# Problem
From the data underneath, reproduce exactly the stretch that begins at the line with "X176534548Y-134211859D01*" and ends after the line with "X174969483Y-117859090D01*".

(Provided material)

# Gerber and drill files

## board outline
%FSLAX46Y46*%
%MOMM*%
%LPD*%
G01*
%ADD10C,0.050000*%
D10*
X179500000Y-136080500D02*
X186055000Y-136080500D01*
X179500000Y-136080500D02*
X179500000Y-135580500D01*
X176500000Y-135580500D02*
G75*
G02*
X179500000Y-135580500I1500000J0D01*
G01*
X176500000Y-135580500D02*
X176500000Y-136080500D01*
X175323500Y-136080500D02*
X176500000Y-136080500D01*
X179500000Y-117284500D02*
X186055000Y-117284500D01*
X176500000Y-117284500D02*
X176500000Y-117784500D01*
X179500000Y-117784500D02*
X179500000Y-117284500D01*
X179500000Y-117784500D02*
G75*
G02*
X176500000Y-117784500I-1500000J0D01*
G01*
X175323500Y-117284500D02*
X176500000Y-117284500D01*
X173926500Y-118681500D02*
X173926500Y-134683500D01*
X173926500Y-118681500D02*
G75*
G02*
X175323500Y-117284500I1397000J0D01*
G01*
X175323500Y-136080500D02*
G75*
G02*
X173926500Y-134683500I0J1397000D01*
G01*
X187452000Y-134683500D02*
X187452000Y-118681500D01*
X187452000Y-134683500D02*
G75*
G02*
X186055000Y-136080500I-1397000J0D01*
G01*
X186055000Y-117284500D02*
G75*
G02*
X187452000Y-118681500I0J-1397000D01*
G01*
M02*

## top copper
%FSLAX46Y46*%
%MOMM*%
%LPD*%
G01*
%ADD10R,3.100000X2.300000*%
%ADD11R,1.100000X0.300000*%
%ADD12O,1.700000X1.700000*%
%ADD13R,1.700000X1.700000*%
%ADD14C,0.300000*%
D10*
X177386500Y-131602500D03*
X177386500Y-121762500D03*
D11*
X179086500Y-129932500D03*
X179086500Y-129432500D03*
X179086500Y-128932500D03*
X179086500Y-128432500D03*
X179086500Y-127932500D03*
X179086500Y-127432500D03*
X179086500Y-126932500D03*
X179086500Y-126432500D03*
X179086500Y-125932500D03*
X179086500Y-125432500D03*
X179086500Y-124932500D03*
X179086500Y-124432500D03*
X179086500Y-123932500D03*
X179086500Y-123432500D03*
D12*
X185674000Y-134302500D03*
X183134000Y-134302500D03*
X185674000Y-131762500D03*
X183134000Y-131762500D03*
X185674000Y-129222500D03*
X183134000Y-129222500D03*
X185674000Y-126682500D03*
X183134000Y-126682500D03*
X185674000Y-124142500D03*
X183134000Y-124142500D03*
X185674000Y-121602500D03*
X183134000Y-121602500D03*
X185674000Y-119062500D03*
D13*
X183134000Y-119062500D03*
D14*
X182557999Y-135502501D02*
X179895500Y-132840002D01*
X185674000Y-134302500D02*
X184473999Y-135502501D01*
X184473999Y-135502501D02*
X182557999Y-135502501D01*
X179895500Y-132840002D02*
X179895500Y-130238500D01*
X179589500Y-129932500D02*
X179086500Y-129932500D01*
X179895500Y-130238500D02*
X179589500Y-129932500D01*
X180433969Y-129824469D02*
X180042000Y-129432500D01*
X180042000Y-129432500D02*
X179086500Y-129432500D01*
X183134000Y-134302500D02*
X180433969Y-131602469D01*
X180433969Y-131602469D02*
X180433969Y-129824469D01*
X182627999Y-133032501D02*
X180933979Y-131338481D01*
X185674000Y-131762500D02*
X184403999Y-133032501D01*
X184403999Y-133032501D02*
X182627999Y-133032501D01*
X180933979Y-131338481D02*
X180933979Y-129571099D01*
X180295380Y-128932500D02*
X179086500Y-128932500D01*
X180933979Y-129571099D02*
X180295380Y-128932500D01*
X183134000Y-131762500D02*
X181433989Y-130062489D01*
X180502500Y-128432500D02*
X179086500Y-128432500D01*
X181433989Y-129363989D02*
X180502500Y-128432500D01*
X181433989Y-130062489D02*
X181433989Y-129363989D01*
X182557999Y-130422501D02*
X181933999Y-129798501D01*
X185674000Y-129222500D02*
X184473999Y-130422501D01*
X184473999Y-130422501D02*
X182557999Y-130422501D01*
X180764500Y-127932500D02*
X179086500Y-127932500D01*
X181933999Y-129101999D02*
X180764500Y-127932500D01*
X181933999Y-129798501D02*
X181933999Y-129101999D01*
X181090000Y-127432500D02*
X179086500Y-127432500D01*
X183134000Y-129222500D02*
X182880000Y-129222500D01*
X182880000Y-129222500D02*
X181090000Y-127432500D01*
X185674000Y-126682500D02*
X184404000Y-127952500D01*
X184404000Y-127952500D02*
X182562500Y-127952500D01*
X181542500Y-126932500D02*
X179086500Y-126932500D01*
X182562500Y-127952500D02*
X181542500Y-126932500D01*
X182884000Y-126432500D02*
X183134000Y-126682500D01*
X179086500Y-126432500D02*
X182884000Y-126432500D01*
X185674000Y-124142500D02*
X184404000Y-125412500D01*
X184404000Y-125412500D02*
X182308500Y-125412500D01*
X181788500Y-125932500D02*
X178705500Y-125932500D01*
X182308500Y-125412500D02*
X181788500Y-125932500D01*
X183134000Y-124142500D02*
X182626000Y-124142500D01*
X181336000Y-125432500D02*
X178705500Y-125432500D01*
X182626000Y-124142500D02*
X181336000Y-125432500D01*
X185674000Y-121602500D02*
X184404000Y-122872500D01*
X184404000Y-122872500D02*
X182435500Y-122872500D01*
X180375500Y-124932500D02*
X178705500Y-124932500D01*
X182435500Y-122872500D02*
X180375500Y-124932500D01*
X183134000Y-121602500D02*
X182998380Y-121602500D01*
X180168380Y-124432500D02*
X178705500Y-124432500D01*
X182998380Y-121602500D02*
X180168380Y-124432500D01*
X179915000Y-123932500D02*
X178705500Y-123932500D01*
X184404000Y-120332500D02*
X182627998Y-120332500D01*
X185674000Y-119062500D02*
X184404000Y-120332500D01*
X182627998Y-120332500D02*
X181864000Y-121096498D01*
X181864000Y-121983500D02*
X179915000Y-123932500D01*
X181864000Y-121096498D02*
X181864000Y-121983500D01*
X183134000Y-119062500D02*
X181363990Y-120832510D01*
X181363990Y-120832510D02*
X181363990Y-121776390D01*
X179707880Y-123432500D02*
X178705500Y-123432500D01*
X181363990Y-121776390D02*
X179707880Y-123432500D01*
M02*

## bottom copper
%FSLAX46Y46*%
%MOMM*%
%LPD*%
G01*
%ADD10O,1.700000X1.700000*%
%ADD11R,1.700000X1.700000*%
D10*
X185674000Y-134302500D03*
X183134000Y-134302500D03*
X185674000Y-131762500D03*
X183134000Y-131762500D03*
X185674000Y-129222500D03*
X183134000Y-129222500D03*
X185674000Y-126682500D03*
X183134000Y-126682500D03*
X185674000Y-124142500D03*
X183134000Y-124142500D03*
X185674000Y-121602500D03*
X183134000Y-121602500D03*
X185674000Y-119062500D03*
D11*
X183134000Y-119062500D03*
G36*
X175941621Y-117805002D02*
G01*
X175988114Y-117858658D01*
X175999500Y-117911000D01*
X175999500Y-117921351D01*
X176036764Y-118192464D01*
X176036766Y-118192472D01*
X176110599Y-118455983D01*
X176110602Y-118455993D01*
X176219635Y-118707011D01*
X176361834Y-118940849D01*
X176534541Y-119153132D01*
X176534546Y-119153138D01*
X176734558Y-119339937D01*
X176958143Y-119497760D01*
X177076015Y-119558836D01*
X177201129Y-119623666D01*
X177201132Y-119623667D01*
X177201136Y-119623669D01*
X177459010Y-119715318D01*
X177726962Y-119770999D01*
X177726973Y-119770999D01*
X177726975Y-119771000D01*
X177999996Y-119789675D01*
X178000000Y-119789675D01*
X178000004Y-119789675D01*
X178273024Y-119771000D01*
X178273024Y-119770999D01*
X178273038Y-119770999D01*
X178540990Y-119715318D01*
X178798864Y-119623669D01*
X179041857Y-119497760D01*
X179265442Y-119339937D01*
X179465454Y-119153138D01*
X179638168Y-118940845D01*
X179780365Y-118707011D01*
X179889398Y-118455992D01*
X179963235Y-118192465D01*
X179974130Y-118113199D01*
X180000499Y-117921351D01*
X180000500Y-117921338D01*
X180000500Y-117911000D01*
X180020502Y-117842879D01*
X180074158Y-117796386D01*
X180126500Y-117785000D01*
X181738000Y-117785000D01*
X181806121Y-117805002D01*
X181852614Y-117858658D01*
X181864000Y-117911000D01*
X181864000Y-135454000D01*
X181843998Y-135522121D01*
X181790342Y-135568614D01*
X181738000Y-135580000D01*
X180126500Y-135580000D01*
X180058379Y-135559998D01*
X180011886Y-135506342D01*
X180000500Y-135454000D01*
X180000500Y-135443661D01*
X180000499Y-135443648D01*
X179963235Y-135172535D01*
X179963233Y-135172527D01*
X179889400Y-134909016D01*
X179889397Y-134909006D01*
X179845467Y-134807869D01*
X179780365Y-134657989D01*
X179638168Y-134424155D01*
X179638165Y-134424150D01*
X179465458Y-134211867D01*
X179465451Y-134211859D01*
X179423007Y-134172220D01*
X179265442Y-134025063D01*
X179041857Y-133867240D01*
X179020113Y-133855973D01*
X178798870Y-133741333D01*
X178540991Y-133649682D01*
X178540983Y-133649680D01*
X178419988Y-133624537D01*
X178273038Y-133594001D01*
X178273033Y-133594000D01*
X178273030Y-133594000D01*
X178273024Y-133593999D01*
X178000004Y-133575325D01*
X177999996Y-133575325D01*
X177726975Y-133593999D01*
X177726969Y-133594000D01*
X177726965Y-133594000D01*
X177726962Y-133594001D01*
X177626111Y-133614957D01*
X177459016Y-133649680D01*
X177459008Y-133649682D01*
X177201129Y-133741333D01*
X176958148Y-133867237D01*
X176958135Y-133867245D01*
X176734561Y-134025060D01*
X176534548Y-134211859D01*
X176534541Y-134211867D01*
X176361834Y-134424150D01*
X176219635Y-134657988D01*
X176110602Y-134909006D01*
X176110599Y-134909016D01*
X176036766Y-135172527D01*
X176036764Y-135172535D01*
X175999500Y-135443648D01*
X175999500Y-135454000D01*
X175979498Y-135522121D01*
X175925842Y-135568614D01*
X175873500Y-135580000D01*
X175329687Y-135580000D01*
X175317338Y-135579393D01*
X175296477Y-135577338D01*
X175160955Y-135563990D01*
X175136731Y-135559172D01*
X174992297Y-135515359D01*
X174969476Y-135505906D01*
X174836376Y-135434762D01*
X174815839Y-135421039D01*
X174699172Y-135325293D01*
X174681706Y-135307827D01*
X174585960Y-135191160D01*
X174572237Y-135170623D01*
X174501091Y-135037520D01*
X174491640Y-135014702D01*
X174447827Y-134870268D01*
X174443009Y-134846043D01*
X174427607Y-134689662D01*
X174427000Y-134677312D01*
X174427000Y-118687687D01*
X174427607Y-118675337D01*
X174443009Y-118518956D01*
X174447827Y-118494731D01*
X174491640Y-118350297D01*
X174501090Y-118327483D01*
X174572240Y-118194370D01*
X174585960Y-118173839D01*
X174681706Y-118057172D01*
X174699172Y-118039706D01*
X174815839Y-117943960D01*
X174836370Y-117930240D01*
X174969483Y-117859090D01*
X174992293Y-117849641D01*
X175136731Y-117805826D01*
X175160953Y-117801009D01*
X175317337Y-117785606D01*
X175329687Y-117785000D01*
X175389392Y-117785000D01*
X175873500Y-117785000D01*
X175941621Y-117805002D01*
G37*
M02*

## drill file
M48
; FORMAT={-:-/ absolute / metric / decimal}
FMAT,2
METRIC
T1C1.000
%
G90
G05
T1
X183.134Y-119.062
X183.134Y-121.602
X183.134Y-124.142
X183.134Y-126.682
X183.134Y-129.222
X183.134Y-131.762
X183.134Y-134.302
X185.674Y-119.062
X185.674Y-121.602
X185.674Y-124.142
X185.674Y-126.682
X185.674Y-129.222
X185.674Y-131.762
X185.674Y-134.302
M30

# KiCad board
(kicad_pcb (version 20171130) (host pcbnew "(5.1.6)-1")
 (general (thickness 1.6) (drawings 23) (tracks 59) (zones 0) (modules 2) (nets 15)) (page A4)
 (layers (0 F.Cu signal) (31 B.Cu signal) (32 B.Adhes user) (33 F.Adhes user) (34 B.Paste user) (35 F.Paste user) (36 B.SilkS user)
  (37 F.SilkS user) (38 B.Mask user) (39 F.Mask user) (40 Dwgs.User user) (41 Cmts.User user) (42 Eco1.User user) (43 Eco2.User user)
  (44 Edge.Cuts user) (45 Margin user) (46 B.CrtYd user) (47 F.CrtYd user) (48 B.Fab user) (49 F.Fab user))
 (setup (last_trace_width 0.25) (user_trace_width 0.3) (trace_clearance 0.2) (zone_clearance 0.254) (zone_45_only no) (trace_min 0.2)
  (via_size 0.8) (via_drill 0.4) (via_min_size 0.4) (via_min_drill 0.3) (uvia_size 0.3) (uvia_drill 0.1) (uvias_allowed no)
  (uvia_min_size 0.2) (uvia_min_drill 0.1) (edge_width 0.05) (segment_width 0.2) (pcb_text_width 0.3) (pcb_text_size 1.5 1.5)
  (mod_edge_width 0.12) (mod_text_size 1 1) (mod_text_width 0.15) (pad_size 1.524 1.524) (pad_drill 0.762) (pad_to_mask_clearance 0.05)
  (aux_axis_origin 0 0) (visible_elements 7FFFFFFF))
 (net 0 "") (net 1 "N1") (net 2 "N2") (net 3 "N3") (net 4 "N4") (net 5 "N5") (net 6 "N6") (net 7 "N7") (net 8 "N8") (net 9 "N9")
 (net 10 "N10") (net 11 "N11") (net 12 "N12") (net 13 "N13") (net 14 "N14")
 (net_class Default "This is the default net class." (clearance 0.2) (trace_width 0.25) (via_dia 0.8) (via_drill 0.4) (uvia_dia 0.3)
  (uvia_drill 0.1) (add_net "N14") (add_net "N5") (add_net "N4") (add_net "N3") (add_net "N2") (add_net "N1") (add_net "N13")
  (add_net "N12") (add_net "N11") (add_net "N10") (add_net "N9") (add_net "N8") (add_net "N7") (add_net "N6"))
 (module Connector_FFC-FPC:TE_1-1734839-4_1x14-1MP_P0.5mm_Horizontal (layer F.Cu) (at 177.7365 126.6825 270)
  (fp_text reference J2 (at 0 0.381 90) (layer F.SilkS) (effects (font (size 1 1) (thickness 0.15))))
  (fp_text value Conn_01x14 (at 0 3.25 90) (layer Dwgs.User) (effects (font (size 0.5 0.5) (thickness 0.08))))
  (pad MP smd rect (at 4.92 0.35 270) (size 2.3 3.1) (layers F.Cu F.Paste F.Mask))
  (pad MP smd rect (at -4.92 0.35 270) (size 2.3 3.1) (layers F.Cu F.Paste F.Mask))
  (pad 14 smd rect (at 3.25 -1.35 270) (size 0.3 1.1) (layers F.Cu F.Paste F.Mask) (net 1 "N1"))
  (pad 13 smd rect (at 2.75 -1.35 270) (size 0.3 1.1) (layers F.Cu F.Paste F.Mask) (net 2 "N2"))
  (pad 12 smd rect (at 2.25 -1.35 270) (size 0.3 1.1) (layers F.Cu F.Paste F.Mask) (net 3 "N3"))
  (pad 11 smd rect (at 1.75 -1.35 270) (size 0.3 1.1) (layers F.Cu F.Paste F.Mask) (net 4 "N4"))
  (pad 10 smd rect (at 1.25 -1.35 270) (size 0.3 1.1) (layers F.Cu F.Paste F.Mask) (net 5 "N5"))
  (pad 9 smd rect (at 0.75 -1.35 270) (size 0.3 1.1) (layers F.Cu F.Paste F.Mask) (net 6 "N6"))
  (pad 8 smd rect (at 0.25 -1.35 270) (size 0.3 1.1) (layers F.Cu F.Paste F.Mask) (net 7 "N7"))
  (pad 7 smd rect (at -0.25 -1.35 270) (size 0.3 1.1) (layers F.Cu F.Paste F.Mask) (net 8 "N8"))
  (pad 6 smd rect (at -0.75 -1.35 270) (size 0.3 1.1) (layers F.Cu F.Paste F.Mask) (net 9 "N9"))
  (pad 5 smd rect (at -1.25 -1.35 270) (size 0.3 1.1) (layers F.Cu F.Paste F.Mask) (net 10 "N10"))
  (pad 4 smd rect (at -1.75 -1.35 270) (size 0.3 1.1) (layers F.Cu F.Paste F.Mask) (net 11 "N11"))
  (pad 3 smd rect (at -2.25 -1.35 270) (size 0.3 1.1) (layers F.Cu F.Paste F.Mask) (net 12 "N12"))
  (pad 2 smd rect (at -2.75 -1.35 270) (size 0.3 1.1) (layers F.Cu F.Paste F.Mask) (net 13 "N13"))
  (pad 1 smd rect (at -3.25 -1.35 270) (size 0.3 1.1) (layers F.Cu F.Paste F.Mask) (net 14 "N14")))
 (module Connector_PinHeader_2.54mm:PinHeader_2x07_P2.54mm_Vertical (layer F.Cu) (at 183.134 119.0625)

(End Provided material)

# Worked solution
X176534548Y-134211859D01*
X176534541Y-134211867D01*
X176361834Y-134424150D01*
X176219635Y-134657988D01*
X176110602Y-134909006D01*
X176110599Y-134909016D01*
X176036766Y-135172527D01*
X176036764Y-135172535D01*
X175999500Y-135443648D01*
X175999500Y-135454000D01*
X175979498Y-135522121D01*
X175925842Y-135568614D01*
X175873500Y-135580000D01*
X175329687Y-135580000D01*
X175317338Y-135579393D01*
X175296477Y-135577338D01*
X175160955Y-135563990D01*
X175136731Y-135559172D01*
X174992297Y-135515359D01*
X174969476Y-135505906D01*
X174836376Y-135434762D01*
X174815839Y-135421039D01*
X174699172Y-135325293D01*
X174681706Y-135307827D01*
X174585960Y-135191160D01*
X174572237Y-135170623D01*
X174501091Y-135037520D01*
X174491640Y-135014702D01*
X174447827Y-134870268D01*
X174443009Y-134846043D01*
X174427607Y-134689662D01*
X174427000Y-134677312D01*
X174427000Y-118687687D01*
X174427607Y-118675337D01*
X174443009Y-118518956D01*
X174447827Y-118494731D01*
X174491640Y-118350297D01*
X174501090Y-118327483D01*
X174572240Y-118194370D01*
X174585960Y-118173839D01*
X174681706Y-118057172D01*
X174699172Y-118039706D01*
X174815839Y-117943960D01*
X174836370Y-117930240D01*
X174969483Y-117859090D01*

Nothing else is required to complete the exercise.